Redaksi
Sidak Lintas Instansi di Blitar Temukan Produk dengan Label Ganda
Blitar Kota— Kapolres Blitar Kota, AKBP Kalfaris Triwijaya Lalo, mengungkap hasil kegiatan Tim Pelaksana Koordinasi Pembinaan dan Pengawasan Obat dan Makanan (TKP2OM) yang digelar di wilayah hukum Polres Blitar Kota.
Kegiatan ini menjadi wujud sinergi lintas instansi dalam memastikan keamanan obat dan makanan yang beredar di masyarakat, sekaligus memberikan perlindungan kepada konsumen dari potensi produk tidak layak edar.
“Pengawasan ini merupakan langkah preventif untuk memastikan produk yang beredar aman dikonsumsi masyarakat serta sesuai dengan ketentuan yang berlaku,” ujar AKBP Kalfaris dalam keterangannya.
Sidak yang dilaksanakan pada Kamis, 12 Maret 2026 tersebut melibatkan berbagai instansi, mulai dari Polres Blitar Kota, Dinas Kesehatan, Disperindag, Diskominfotik, Satpol PP, hingga Dinas Ketahanan Pangan dan PTSP Kota Blitar.
Tim mengawali kegiatan di Aula Dinas Kesehatan Kota Blitar sebelum bergerak melakukan inspeksi ke sejumlah titik distribusi dan penjualan.

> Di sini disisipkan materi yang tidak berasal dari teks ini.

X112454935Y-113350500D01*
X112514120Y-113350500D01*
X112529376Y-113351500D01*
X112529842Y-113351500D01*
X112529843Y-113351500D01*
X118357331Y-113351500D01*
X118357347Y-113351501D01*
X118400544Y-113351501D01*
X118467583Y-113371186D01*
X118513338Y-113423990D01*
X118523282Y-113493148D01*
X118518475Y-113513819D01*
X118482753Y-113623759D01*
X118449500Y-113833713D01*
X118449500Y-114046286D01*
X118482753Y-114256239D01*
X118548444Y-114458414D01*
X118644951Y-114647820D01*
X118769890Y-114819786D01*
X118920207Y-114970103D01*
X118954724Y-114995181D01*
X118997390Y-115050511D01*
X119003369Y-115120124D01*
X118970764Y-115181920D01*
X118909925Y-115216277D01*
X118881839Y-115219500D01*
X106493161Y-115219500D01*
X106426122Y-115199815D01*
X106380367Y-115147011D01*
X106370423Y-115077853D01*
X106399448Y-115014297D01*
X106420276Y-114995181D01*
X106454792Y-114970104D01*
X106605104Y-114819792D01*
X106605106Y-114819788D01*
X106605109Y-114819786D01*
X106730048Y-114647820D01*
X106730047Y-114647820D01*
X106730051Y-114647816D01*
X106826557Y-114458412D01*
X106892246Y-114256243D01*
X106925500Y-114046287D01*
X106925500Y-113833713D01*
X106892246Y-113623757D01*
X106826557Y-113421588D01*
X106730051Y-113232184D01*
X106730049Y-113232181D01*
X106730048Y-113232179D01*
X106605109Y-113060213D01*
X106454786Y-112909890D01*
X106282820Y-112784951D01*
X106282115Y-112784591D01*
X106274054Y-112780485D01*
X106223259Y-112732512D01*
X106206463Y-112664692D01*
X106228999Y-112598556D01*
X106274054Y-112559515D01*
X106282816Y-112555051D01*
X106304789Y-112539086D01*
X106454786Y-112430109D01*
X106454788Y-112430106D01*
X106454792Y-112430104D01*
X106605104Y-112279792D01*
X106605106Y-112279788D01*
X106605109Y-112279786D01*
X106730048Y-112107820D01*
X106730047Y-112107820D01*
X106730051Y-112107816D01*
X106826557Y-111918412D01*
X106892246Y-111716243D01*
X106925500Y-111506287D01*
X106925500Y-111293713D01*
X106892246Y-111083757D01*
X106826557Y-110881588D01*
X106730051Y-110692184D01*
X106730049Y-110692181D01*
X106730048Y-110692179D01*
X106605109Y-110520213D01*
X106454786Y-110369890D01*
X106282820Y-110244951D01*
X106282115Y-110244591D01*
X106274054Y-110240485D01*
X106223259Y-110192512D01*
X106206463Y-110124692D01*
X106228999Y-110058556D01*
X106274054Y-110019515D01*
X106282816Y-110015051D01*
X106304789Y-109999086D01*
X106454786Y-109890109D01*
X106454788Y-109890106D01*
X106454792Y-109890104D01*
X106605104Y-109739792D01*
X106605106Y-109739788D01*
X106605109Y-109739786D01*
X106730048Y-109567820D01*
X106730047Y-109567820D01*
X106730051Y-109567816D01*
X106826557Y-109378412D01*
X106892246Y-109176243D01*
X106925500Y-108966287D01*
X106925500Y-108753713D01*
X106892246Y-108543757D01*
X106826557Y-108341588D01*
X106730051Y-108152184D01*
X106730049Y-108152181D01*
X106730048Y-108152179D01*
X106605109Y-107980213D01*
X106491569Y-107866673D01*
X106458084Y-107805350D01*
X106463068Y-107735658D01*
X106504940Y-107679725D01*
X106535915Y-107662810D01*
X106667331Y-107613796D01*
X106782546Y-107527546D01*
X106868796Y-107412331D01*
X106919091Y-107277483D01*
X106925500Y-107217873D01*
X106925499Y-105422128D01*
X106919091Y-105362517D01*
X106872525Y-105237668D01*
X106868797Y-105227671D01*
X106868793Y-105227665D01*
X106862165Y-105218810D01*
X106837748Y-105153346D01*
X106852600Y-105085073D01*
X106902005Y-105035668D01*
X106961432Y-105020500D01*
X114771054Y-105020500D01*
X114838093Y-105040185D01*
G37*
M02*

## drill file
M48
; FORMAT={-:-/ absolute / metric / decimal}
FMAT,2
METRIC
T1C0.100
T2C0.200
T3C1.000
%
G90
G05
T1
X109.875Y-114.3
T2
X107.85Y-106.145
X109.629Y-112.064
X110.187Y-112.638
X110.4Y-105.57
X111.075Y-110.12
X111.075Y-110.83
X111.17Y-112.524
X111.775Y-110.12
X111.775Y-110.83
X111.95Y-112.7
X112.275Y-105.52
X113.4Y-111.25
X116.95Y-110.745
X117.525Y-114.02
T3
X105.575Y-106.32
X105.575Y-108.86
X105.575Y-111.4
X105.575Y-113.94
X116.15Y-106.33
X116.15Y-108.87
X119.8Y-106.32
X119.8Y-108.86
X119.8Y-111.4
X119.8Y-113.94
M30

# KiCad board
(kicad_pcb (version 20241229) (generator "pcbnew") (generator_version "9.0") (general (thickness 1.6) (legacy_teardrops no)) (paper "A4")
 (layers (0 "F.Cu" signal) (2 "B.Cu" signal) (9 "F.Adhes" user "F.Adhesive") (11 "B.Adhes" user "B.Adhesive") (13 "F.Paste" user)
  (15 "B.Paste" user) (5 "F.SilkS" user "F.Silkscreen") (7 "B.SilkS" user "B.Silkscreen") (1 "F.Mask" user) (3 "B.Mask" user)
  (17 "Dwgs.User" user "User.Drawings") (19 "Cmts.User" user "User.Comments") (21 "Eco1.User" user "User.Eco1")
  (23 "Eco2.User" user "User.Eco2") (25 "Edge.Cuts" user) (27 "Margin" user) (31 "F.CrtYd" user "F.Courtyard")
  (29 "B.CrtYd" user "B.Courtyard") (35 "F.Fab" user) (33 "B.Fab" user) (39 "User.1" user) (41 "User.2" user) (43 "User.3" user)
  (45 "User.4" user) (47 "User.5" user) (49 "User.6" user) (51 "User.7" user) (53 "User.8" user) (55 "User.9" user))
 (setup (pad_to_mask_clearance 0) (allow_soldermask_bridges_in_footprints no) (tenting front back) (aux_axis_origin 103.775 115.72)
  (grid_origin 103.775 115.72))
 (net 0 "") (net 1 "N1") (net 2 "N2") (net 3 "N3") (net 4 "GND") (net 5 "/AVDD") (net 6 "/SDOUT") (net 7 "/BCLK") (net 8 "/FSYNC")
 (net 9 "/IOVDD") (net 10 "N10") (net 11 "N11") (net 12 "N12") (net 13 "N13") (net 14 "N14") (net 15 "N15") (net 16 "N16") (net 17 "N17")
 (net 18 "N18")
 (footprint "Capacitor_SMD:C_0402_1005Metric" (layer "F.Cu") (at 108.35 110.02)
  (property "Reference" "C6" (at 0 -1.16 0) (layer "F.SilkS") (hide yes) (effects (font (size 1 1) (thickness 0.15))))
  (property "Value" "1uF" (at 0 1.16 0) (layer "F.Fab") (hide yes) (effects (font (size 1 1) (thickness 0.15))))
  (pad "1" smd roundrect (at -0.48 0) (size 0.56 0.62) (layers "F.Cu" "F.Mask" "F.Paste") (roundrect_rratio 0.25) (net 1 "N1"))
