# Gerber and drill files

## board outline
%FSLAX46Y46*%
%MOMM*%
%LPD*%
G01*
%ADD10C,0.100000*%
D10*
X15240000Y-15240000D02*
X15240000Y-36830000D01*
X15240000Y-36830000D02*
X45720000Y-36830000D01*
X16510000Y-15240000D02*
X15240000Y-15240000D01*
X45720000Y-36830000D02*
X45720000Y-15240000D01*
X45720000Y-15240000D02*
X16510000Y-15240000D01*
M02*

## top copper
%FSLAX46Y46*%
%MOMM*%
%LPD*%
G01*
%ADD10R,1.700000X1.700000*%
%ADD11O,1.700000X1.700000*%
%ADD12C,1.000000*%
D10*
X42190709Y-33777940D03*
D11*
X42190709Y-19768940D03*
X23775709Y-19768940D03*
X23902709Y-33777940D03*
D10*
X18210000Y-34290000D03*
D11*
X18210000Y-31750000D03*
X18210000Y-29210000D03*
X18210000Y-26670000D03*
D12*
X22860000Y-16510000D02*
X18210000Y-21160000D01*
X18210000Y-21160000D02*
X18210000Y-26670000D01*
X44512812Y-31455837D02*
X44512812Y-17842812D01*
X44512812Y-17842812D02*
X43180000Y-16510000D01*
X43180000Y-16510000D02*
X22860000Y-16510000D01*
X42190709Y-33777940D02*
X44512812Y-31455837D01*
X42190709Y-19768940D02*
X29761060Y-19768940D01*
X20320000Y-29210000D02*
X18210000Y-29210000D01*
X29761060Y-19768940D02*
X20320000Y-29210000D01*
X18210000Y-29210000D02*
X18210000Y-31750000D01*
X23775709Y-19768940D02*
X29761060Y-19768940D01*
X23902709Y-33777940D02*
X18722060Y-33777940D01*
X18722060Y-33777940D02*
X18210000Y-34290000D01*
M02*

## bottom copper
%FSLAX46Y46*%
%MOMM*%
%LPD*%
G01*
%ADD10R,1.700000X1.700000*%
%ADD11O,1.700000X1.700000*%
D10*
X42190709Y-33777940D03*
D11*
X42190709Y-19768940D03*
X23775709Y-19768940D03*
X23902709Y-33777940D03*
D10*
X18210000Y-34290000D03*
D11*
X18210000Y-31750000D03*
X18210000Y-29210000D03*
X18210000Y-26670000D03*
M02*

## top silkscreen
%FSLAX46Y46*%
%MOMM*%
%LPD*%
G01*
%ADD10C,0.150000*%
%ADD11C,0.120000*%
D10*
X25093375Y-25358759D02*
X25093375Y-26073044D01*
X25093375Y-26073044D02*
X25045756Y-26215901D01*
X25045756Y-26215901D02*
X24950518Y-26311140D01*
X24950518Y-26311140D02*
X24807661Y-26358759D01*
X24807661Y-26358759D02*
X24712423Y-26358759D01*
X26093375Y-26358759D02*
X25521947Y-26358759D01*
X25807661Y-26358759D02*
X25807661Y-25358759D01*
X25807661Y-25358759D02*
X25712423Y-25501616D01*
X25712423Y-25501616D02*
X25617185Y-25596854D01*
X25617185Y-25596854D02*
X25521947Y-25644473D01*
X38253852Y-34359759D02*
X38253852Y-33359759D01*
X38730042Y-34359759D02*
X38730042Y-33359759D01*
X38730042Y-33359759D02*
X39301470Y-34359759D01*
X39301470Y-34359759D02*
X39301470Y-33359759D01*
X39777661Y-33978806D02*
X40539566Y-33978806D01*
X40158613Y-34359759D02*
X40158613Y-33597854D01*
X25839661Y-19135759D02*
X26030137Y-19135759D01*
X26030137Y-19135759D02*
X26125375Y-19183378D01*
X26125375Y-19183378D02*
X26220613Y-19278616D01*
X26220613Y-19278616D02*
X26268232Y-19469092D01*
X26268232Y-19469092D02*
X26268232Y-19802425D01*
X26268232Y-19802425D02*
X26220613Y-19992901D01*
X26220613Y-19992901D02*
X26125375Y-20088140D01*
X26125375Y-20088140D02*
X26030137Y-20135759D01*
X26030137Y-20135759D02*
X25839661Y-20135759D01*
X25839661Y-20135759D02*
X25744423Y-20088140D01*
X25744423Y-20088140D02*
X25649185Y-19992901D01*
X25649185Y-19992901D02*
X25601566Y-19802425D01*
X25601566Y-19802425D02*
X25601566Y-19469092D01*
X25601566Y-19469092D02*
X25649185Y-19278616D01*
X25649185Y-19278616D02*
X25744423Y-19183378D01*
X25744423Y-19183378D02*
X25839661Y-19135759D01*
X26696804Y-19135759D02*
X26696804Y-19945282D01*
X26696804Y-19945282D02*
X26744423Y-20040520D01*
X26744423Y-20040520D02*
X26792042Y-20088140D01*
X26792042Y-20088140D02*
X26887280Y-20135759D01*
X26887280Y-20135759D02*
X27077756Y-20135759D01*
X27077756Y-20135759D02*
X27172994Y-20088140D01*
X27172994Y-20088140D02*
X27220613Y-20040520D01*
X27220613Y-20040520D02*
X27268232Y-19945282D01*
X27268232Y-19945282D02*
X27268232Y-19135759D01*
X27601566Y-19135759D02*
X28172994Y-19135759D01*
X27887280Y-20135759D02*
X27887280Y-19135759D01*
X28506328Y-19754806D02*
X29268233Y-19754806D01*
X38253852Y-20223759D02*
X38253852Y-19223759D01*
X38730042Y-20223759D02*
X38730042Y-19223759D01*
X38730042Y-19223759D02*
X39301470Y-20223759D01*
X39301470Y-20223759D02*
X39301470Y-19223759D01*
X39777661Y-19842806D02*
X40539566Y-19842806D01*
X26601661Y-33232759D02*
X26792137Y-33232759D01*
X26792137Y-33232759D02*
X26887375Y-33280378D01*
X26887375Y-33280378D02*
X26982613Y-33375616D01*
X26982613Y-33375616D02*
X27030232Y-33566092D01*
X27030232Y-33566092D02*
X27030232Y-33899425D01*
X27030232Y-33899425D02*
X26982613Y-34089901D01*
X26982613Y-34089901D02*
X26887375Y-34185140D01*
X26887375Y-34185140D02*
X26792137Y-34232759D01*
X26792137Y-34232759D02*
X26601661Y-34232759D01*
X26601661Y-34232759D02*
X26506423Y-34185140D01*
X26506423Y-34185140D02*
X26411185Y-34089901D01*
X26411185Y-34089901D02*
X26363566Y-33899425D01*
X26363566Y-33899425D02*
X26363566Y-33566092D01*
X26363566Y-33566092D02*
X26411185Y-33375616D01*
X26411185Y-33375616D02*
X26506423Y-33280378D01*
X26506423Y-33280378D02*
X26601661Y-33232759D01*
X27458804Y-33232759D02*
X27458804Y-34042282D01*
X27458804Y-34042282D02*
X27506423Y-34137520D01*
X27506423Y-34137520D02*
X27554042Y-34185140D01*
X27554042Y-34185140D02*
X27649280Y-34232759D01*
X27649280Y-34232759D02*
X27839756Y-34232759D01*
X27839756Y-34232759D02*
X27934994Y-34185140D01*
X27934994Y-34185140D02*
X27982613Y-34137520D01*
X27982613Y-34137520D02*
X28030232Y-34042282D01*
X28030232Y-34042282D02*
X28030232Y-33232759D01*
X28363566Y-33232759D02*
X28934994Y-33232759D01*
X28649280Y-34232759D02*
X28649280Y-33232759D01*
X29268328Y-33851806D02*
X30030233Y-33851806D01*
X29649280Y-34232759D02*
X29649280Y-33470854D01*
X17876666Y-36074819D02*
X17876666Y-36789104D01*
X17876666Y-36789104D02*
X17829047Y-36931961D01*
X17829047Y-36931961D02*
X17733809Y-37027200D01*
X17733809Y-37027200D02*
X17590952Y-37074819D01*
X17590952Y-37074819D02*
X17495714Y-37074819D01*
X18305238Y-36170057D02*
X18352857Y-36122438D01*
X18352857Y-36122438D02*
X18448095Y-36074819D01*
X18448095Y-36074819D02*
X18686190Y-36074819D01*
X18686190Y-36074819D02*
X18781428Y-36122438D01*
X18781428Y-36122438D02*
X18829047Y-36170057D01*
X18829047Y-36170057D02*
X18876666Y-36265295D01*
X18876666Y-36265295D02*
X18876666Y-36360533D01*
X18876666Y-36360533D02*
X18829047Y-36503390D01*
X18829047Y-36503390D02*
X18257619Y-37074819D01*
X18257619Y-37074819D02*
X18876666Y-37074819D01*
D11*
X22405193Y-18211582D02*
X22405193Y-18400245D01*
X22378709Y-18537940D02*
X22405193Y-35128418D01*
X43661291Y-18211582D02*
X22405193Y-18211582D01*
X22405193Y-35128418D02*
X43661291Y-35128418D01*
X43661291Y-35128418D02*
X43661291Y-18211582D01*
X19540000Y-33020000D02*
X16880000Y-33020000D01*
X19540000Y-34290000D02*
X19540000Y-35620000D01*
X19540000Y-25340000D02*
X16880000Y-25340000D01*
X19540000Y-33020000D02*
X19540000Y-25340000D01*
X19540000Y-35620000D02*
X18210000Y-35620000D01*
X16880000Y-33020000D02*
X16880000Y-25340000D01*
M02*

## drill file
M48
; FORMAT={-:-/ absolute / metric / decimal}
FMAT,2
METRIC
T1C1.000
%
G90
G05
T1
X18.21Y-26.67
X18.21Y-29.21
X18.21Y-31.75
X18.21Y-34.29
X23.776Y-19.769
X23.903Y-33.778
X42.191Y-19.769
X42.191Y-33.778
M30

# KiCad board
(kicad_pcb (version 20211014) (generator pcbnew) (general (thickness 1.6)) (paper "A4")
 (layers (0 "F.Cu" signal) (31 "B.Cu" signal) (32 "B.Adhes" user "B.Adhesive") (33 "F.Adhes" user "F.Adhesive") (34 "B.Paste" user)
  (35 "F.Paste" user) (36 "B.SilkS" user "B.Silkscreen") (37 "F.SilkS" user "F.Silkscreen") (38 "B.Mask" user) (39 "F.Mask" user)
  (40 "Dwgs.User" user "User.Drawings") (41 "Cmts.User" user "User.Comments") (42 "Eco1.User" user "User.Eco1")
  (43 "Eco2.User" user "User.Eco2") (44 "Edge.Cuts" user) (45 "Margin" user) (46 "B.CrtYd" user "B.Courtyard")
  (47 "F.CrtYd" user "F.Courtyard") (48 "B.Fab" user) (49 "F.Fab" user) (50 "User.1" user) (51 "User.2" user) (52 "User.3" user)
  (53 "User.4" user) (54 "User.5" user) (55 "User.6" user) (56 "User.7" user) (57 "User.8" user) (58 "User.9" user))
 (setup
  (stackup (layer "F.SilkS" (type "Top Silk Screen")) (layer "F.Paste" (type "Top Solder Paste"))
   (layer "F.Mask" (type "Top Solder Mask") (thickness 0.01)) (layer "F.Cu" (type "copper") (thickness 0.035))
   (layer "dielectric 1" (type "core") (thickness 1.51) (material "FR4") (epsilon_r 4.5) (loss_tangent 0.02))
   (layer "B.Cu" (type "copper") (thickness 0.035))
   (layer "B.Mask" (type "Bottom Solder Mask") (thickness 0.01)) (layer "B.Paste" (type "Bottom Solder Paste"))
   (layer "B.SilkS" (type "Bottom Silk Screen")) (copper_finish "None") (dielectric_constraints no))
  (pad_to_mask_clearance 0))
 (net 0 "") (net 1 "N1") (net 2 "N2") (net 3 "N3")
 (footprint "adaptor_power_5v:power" (layer "F.Cu") (at 23.775709 19.76894)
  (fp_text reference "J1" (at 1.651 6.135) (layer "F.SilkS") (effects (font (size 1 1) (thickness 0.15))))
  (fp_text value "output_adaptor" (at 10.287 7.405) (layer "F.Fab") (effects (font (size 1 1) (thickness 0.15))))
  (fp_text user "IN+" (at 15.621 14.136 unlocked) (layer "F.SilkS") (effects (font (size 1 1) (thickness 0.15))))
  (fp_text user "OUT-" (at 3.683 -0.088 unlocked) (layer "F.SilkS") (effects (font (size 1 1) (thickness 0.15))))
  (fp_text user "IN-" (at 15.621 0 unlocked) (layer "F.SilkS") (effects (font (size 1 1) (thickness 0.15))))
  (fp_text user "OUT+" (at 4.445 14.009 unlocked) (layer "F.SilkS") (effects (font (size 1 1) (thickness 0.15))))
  (fp_line (start -1.370516 -1.557358) (end -1.370516 -1.368695) (layer "F.SilkS") (width 0.12))
  (fp_line (start -1.397 -1.231) (end -1.370516 15.359478) (layer "F.SilkS") (width 0.12))
  (fp_line (start 19.885582 -1.557358) (end -1.370516 -1.557358) (layer "F.SilkS") (width 0.12))
  (fp_line (start -1.370516 15.359478) (end 19.885582 15.359478) (layer "F.SilkS") (width 0.12))
  (fp_line (start 19.885582 15.359478) (end 19.885582 -1.557358) (layer "F.SilkS") (width 0.12))
  (pad "1" thru_hole rect (at 18.415 14.009) (size 1.7 1.7) (drill 1) (layers *.Cu *.Mask) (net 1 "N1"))
  (pad "2" thru_hole oval (at 18.415 0) (size 1.7 1.7) (drill 1) (layers *.Cu *.Mask) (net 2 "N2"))
  (pad "3" thru_hole oval (at 0 0) (size 1.7 1.7) (drill 1) (layers *.Cu *.Mask) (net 2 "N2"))
  (pad "4" thru_hole oval (at 0.127 14.009) (size 1.7 1.7) (drill 1) (layers *.Cu *.Mask) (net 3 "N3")))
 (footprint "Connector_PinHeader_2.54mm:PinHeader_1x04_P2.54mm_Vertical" (layer "F.Cu") (at 18.21 34.29 180)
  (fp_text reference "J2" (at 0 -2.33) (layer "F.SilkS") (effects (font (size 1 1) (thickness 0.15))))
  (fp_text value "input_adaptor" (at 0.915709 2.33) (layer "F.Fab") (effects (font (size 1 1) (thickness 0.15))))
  (fp_line (start -1.33 1.27) (end 1.33 1.27) (layer "F.SilkS") (width 0.12))
  (fp_line (start -1.33 0) (end -1.33 -1.33) (layer "F.SilkS") (width 0.12))
  (fp_line (start -1.33 8.95) (end 1.33 8.95) (layer "F.SilkS") (width 0.12))
  (fp_line (start -1.33 1.27) (end -1.33 8.95) (layer "F.SilkS") (width 0.12))
  (fp_line (start -1.33 -1.33) (end 0 -1.33) (layer "F.SilkS") (width 0.12))
  (fp_line (start 1.33 1.27) (end 1.33 8.95) (layer "F.SilkS") (width 0.12))
  (pad "1" thru_hole rect (at 0 0 180) (size 1.7 1.7) (drill 1) (layers *.Cu *.Mask) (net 3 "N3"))
  (pad "2" thru_hole oval (at 0 2.54 180) (size 1.7 1.7) (drill 1) (layers *.Cu *.Mask) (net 2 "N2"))
  (pad "3" thru_hole oval (at 0 5.08 180) (size 1.7 1.7) (drill 1) (layers *.Cu *.Mask) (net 2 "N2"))
  (pad "4" thru_hole oval (at 0 7.62 180) (size 1.7 1.7) (drill 1) (layers *.Cu *.Mask) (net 1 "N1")))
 (gr_line (start 15.24 15.24) (end 15.24 36.83) (layer "Edge.Cuts") (width 0.1))
 (gr_line (start 15.24 36.83) (end 45.72 36.83) (layer "Edge.Cuts") (width 0.1))
 (gr_line (start 16.51 15.24) (end 15.24 15.24) (layer "Edge.Cuts") (width 0.1))
 (gr_line (start 45.72 36.83) (end 45.72 15.24) (layer "Edge.Cuts") (width 0.1))
 (gr_line (start 45.72 15.24) (end 16.51 15.24) (layer "Edge.Cuts") (width 0.1))
 (segment (start 22.86 16.51) (end 18.21 21.16) (width 1) (layer "F.Cu") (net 1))
 (segment (start 18.21 21.16) (end 18.21 26.67) (width 1) (layer "F.Cu") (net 1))
 (segment (start 44.512812 31.455837) (end 44.512812 17.842812) (width 1) (layer "F.Cu") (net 1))
 (segment (start 44.512812 17.842812) (end 43.18 16.51) (width 1) (layer "F.Cu") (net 1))
 (segment (start 43.18 16.51) (end 22.86 16.51) (width 1) (layer "F.Cu") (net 1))
 (segment (start 42.190709 33.77794) (end 44.512812 31.455837) (width 1) (layer "F.Cu") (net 1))
 (segment (start 42.190709 19.76894) (end 29.76106 19.76894) (width 1) (layer "F.Cu") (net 2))
 (segment (start 20.32 29.21) (end 18.21 29.21) (width 1) (layer "F.Cu") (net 2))
 (segment (start 29.76106 19.76894) (end 20.32 29.21) (width 1) (layer "F.Cu") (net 2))
 (segment (start 18.21 29.21) (end 18.21 31.75) (width 1) (layer "F.Cu") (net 2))
 (segment (start 23.775709 19.76894) (end 29.76106 19.76894) (width 1) (layer "F.Cu") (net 2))
 (segment (start 23.902709 33.77794) (end 18.72206 33.77794) (width 1) (layer "F.Cu") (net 3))
 (segment (start 18.72206 33.77794) (end 18.21 34.29) (width 1) (layer "F.Cu") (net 3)))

Dalam pengecekan di Hai Mart, petugas tidak menemukan produk kedaluwarsa, sehingga dinilai telah memenuhi standar keamanan pangan. Namun, saat melakukan inspeksi di Hyfresh Supermarket Blitar Square, tim menemukan sejumlah produk dengan label kedaluwarsa ganda.
Temuan tersebut langsung ditindaklanjuti oleh petugas dengan meminta pihak pengelola segera berkoordinasi dengan produsen guna memastikan kejelasan dan keabsahan label.
“Terhadap temuan label kedaluwarsa ganda, kami meminta pihak pengelola untuk segera berkoordinasi dengan produsen guna memastikan kejelasan dan keabsahan label tersebut,” tegas Kapolres Lalo kepada awak media, Senin (30/3/2026).
Selanjutnya, tim melanjutkan pengecekan di Toko Sinar Makmur di wilayah Kepanjen Kidul. Dari hasil pengawasan, tidak ditemukan adanya barang kedaluwarsa di lokasi tersebut.
AKBP Kalfaris menegaskan, kegiatan pengawasan akan terus dilakukan secara berkala guna menjaga keamanan konsumsi masyarakat.
“Kami akan terus meningkatkan pengawasan bersama instansi terkait agar masyarakat merasa aman dan terlindungi dalam mengonsumsi produk sehari-hari,” tandasnya.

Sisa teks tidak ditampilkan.